Food Chains & Food Webs
Where do living things get energy from? The sun provides the primary source of energy for life on earth. Organisms also get energy from other plants and animals. Animals that eat plants for food may in turn become food for other animals. This sequence is called a food chain.
Most animals are part of more than one food chain and eat more than one kind of food in order to meet their food and energy requirements. These interconnected food chains form a food web. The types of organisms involved in a food chain are producers, consumers (including herbivores, carnivores, omnivores, parasites, and scavengers), and decomposers. |
CarnivoresAnimals that only eat OTHER ANIMALS are called carnivores. ***Think of them as meat eaters!

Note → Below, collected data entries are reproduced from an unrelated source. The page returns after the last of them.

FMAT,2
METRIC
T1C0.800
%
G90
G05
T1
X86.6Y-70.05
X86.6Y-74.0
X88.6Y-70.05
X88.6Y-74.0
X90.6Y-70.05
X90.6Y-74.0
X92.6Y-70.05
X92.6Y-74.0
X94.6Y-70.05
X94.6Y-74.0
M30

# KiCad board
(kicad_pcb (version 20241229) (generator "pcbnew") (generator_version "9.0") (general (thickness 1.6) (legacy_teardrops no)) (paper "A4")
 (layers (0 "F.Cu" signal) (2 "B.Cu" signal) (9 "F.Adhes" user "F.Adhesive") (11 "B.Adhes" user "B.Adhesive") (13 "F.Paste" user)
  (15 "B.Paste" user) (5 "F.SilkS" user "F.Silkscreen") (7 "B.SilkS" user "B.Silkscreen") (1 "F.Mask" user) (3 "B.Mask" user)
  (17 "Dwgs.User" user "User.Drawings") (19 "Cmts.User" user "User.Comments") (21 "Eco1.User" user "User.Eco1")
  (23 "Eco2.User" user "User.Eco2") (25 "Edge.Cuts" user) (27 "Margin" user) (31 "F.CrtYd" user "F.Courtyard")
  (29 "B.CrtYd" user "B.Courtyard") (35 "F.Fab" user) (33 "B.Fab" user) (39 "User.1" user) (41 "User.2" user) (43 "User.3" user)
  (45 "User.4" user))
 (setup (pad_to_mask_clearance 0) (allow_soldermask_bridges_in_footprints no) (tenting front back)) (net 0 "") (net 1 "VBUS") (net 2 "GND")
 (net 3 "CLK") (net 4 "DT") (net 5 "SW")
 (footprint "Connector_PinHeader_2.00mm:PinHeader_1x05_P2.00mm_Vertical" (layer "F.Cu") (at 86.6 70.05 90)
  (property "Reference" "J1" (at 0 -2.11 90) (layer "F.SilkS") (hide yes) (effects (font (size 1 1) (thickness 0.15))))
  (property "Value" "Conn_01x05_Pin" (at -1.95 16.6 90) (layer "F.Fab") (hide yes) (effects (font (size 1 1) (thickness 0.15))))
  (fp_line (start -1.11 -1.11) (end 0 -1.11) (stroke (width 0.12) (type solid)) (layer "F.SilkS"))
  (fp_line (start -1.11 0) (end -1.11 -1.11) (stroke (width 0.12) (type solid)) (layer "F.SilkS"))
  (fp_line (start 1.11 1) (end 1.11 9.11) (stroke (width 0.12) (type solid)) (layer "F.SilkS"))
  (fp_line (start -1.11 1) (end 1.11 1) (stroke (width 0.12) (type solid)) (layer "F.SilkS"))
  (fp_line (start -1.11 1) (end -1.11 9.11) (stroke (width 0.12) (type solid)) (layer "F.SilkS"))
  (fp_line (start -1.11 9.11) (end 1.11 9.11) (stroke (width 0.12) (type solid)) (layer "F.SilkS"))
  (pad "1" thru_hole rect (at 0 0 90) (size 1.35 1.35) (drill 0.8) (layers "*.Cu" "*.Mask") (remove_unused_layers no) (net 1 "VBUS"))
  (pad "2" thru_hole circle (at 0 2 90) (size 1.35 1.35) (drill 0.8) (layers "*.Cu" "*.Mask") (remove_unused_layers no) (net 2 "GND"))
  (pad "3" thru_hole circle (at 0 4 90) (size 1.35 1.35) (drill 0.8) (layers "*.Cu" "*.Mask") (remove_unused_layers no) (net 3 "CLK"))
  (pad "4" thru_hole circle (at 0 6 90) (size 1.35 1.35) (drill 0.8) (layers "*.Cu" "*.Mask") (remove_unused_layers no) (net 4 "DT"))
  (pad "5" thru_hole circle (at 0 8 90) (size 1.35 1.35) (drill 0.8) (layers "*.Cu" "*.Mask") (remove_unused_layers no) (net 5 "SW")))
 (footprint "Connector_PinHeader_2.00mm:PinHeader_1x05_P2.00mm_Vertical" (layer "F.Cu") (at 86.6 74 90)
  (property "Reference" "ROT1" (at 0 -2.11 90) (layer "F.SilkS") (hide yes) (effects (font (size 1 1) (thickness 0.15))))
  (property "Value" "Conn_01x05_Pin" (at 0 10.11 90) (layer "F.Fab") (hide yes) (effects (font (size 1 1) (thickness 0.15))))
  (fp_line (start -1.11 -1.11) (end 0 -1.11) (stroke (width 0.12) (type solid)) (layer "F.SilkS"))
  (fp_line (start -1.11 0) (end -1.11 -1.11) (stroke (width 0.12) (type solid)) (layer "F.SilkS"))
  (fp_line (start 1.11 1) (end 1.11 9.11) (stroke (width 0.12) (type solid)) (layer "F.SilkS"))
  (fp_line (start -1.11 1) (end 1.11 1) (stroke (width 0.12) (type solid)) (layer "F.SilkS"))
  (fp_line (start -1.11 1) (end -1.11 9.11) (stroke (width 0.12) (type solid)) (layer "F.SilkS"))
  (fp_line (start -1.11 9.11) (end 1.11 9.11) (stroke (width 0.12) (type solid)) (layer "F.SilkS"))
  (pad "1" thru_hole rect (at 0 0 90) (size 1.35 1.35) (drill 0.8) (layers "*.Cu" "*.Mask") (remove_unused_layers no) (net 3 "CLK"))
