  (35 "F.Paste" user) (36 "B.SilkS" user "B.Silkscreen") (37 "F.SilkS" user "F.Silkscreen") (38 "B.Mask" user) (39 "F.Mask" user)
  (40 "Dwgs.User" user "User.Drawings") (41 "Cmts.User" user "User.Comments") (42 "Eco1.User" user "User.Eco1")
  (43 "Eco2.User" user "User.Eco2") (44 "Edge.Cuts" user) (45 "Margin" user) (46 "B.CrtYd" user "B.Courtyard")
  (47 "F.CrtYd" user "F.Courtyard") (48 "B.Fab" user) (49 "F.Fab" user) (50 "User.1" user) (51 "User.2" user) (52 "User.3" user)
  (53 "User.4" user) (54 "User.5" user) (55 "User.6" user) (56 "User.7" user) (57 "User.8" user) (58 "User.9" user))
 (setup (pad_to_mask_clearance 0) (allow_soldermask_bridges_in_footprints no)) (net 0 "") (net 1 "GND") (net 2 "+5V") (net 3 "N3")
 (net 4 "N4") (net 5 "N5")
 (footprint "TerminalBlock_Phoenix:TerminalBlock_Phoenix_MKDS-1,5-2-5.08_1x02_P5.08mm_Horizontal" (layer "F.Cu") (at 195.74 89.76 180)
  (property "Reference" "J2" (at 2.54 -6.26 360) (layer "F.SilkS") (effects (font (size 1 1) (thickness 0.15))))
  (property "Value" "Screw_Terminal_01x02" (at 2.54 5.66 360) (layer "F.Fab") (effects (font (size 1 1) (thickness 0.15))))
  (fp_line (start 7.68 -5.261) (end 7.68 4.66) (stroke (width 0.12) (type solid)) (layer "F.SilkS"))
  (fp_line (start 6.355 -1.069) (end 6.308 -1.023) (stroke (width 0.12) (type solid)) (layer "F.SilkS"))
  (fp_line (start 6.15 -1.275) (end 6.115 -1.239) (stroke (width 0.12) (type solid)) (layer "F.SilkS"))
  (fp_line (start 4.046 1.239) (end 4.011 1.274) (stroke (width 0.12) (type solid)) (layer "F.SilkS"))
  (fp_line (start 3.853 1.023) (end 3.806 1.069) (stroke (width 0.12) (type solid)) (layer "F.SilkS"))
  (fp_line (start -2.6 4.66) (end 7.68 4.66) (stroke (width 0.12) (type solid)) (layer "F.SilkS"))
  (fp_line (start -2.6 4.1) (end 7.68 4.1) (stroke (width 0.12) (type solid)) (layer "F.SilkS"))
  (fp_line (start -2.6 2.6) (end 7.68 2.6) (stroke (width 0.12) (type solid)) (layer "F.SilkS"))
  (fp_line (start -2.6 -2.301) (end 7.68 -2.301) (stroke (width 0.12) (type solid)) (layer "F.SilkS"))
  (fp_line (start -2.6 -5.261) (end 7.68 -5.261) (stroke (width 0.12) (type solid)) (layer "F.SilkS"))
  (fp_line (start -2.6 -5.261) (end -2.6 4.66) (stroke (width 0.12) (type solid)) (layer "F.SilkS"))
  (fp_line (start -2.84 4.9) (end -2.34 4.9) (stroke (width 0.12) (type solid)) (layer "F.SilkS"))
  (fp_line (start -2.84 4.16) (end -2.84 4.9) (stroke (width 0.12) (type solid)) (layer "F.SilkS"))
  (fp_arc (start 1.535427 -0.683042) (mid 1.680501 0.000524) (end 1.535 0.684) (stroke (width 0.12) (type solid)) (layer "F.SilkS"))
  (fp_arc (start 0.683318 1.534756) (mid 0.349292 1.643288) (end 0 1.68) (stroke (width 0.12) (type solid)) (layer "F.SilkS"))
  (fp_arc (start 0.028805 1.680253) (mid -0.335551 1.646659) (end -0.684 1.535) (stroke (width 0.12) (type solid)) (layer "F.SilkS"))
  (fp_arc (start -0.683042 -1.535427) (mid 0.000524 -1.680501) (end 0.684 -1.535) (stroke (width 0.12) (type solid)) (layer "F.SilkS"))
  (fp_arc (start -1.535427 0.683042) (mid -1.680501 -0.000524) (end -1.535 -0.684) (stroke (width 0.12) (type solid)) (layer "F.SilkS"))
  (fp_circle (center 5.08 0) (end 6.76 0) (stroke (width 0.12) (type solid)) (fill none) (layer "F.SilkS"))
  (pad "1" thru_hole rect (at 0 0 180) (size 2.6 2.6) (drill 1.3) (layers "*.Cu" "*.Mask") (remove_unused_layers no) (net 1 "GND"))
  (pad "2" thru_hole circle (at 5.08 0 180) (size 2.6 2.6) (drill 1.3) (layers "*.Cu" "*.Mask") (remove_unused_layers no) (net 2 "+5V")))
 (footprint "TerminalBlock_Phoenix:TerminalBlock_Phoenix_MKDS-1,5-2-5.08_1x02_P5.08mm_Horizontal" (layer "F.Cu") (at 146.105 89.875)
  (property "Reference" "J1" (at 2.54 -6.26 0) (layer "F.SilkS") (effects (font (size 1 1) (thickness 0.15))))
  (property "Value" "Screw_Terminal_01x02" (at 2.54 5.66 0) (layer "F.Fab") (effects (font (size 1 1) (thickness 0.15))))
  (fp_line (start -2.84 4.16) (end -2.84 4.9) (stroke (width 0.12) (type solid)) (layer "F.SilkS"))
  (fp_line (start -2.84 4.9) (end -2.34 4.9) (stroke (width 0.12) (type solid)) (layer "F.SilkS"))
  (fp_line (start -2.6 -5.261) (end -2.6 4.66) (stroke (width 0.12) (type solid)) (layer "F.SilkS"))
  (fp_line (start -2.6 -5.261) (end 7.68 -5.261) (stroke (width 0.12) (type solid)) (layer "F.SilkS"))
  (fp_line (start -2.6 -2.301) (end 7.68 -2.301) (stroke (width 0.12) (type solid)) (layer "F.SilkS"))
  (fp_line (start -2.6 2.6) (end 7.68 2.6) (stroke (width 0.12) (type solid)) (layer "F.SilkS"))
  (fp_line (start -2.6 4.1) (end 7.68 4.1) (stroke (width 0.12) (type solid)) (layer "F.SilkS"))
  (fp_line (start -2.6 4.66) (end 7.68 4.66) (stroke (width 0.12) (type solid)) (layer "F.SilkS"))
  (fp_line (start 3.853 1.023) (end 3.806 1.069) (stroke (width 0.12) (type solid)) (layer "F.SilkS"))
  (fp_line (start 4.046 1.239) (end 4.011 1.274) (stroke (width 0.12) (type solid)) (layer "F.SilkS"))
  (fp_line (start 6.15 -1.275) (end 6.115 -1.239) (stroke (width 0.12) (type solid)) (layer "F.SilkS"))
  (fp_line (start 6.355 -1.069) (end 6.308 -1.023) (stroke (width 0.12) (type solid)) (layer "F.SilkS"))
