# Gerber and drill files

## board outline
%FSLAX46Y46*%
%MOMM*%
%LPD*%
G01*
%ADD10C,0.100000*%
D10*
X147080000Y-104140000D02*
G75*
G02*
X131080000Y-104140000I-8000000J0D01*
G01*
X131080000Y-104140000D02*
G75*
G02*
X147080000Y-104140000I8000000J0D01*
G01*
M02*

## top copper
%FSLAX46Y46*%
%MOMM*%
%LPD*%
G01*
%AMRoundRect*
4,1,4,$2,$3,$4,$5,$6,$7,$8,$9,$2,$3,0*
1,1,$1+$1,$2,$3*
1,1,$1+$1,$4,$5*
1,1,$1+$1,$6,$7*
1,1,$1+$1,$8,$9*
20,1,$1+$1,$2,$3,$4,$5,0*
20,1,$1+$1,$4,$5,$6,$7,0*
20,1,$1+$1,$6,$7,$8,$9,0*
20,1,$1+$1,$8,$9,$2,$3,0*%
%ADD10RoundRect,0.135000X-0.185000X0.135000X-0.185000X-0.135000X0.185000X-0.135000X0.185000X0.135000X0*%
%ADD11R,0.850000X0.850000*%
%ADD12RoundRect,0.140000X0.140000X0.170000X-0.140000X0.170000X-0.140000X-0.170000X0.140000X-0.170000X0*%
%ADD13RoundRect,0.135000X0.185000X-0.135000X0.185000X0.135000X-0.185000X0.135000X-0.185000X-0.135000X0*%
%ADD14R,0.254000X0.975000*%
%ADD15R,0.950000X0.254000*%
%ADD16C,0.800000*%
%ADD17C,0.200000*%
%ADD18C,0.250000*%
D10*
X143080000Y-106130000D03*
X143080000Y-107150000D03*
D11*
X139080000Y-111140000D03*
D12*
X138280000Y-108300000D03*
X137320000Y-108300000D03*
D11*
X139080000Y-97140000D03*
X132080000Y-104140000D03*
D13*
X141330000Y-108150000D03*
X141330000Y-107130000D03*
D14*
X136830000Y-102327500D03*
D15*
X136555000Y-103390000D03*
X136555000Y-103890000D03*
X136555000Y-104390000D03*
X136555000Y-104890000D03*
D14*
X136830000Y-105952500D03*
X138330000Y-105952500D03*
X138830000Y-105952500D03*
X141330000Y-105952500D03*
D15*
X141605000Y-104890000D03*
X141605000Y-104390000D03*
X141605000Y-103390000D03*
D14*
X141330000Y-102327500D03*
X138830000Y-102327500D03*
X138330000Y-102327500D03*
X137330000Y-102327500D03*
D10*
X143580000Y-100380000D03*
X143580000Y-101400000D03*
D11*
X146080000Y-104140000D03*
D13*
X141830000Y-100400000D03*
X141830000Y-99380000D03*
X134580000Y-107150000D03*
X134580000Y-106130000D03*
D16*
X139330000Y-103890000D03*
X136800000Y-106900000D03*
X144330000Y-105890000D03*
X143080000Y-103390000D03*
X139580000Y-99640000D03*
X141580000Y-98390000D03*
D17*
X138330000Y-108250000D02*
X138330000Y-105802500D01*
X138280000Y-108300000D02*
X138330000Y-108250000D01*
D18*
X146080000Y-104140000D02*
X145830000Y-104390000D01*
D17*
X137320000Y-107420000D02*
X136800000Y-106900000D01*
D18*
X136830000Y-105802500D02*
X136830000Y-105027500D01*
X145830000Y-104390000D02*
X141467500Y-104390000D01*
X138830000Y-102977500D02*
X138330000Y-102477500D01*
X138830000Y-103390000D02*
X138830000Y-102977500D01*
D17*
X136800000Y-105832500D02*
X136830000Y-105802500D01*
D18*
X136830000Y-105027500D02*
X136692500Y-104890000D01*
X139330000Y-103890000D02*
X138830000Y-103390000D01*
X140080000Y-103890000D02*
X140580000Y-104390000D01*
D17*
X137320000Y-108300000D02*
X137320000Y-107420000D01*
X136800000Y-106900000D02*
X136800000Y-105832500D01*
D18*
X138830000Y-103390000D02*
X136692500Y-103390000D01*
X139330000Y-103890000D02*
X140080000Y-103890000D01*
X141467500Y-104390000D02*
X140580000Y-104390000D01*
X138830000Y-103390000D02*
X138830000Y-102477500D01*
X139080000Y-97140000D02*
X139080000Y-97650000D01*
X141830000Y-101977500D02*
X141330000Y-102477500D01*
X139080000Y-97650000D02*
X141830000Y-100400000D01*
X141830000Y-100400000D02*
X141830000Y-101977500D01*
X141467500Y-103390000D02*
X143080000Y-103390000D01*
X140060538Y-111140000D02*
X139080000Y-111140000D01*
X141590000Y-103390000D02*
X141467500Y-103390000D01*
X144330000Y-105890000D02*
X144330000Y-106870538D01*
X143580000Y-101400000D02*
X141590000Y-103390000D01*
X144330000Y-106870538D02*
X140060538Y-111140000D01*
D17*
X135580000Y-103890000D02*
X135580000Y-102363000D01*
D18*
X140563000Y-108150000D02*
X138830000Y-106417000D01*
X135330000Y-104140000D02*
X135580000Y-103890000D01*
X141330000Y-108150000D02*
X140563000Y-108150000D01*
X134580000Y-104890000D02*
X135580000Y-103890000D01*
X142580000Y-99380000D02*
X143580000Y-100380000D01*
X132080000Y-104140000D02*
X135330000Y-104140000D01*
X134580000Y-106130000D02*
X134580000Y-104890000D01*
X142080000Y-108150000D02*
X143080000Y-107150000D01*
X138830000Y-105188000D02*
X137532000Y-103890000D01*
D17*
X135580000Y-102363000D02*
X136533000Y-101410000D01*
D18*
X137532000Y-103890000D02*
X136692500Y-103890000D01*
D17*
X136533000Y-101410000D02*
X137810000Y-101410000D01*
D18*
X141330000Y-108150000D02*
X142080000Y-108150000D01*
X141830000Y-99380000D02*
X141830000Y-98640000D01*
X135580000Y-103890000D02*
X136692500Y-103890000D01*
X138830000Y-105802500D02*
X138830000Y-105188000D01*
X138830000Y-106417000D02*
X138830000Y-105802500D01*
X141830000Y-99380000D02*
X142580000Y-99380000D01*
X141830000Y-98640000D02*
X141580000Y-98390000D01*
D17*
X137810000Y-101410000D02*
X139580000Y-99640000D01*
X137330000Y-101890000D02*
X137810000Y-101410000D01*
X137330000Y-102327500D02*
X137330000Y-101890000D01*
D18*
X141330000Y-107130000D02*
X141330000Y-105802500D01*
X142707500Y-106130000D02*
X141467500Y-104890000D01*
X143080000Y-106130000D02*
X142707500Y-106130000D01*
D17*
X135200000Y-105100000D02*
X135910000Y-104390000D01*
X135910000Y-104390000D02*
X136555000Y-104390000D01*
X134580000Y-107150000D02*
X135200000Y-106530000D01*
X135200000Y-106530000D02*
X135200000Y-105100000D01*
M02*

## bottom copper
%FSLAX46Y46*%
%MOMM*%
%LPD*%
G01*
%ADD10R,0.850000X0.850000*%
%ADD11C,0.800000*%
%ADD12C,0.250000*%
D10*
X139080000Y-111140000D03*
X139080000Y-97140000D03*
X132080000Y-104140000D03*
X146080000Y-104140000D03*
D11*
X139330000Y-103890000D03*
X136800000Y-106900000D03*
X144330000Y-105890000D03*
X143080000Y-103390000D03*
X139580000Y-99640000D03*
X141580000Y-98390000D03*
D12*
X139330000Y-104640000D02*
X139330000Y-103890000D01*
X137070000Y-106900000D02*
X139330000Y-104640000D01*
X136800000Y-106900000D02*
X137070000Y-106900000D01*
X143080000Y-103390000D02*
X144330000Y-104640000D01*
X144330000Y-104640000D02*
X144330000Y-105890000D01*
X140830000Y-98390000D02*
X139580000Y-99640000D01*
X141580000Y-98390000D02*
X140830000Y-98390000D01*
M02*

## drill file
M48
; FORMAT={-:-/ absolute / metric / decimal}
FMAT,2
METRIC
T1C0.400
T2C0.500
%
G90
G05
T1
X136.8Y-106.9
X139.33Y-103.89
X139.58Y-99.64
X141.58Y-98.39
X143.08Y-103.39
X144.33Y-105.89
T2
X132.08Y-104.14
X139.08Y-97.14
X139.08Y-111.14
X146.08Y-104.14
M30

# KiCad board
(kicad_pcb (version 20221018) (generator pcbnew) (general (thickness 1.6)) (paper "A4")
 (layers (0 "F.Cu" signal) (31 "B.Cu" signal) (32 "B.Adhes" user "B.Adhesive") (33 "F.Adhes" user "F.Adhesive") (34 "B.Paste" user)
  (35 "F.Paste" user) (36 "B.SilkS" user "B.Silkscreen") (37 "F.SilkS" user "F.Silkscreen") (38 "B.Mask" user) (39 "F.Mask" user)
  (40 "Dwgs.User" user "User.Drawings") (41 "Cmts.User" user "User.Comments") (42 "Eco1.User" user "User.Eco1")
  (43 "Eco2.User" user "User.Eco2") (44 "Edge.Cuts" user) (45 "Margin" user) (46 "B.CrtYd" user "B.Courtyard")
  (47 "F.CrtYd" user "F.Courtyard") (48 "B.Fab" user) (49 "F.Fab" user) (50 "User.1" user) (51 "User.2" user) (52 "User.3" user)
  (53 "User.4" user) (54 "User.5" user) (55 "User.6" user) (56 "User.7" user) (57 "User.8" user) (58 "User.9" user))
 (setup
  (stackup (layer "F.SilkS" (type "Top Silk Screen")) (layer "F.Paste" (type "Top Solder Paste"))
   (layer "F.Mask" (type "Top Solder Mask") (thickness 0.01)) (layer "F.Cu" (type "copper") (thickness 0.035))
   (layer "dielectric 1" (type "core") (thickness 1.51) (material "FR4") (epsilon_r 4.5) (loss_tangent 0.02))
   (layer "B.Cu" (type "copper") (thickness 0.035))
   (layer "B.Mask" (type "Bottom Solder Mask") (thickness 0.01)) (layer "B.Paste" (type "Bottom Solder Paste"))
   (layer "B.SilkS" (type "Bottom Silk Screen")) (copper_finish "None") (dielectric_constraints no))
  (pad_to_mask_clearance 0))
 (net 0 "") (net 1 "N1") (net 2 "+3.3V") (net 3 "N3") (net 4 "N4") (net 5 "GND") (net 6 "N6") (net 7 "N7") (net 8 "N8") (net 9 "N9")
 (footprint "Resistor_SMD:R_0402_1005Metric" (layer "F.Cu") (at 143.08 106.64 -90)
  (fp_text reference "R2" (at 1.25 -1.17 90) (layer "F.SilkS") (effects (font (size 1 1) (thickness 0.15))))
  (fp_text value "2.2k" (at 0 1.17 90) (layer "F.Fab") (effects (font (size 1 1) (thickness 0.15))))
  (pad "1" smd roundrect (at -0.51 0 270) (size 0.54 0.64) (layers "F.Cu" "F.Paste" "F.Mask") (roundrect_rratio 0.25) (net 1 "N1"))
  (pad "2" smd roundrect (at 0.51 0 270) (size 0.54 0.64) (layers "F.Cu" "F.Paste" "F.Mask") (roundrect_rratio 0.25) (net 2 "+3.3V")))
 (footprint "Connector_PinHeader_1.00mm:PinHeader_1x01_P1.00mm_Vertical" (layer "F.Cu") (at 139.08 111.14 180)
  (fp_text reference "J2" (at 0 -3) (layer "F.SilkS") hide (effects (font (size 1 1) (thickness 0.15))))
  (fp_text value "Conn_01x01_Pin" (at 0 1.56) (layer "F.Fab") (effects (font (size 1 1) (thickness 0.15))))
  (pad "1" thru_hole rect (at 0 0 180) (size 0.85 0.85) (drill 0.5) (layers "*.Cu" "*.Mask") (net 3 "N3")))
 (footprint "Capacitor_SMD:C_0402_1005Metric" (layer "F.Cu") (at 137.8 108.3 180)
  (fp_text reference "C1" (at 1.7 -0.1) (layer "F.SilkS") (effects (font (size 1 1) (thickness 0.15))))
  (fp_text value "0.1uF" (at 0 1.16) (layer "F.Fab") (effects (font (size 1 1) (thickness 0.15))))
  (pad "1" smd roundrect (at -0.48 0 180) (size 0.56 0.62) (layers "F.Cu" "F.Paste" "F.Mask") (roundrect_rratio 0.25) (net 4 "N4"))
  (pad "2" smd roundrect (at 0.48 0 180) (size 0.56 0.62) (layers "F.Cu" "F.Paste" "F.Mask") (roundrect_rratio 0.25) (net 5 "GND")))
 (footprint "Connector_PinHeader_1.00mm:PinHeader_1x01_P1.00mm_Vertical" (layer "F.Cu") (at 139.08 97.14)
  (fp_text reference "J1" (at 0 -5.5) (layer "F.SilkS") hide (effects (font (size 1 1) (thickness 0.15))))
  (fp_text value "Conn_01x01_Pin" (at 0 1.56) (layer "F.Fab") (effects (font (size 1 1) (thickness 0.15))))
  (pad "1" thru_hole rect (at 0 0) (size 0.85 0.85) (drill 0.5) (layers "*.Cu" "*.Mask") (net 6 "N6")))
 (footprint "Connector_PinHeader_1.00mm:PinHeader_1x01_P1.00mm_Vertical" (layer "F.Cu") (at 132.08 104.14 90)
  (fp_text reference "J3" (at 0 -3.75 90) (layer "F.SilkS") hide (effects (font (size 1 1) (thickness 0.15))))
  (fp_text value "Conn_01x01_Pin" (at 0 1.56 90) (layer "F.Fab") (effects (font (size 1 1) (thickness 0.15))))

Carnivores that eat herbivores are called secondary consumers. (i.e. Wolves are carnivores that eat rabbits which eat plants.) Carnivores that eat other carnivores are called tertiary consumers. (i.e. Killer whales eat seals which eat smaller fish which eat plankton.) |
Example of a Food Web |
Example of a Food Chain |
Transfer of Energy Through the Food Chain
As energy is transferred from one organism to another, the amount of energy available at the next level becomes less and less. For example, when a herbivore eats, only a fraction of the energy (that it gets from plant food) becomes new body mass; the rest of the energy is lost as waste or used up by the herbivore to carry out its life processes (i.e., movement, digestion, reproduction). Therefore, when the herbivore is eaten by a carnivore, it passes only a small amount of total energy (that it has received) to the carnivore. Of the energy transferred from the herbivore to the carnivore, some energy will be "wasted" or "used up" by the carnivore. The carnivore then has to eat many herbivores to get enough energy to grow. The further along the food chain you go, the less food (and hence energy) remains available. The food chain is an inefficient system.
Energy Pyramid
This energy pyramid shows many plants providing food and energy to giraffes. As you go up, there are fewer giraffes than plants and even fewer lions than giraffes. As you continue along the food chain, fewer consumers exist. A large mass of living things at the base is needed to support a few at the top. Many herbivores are needed to support a few carnivores.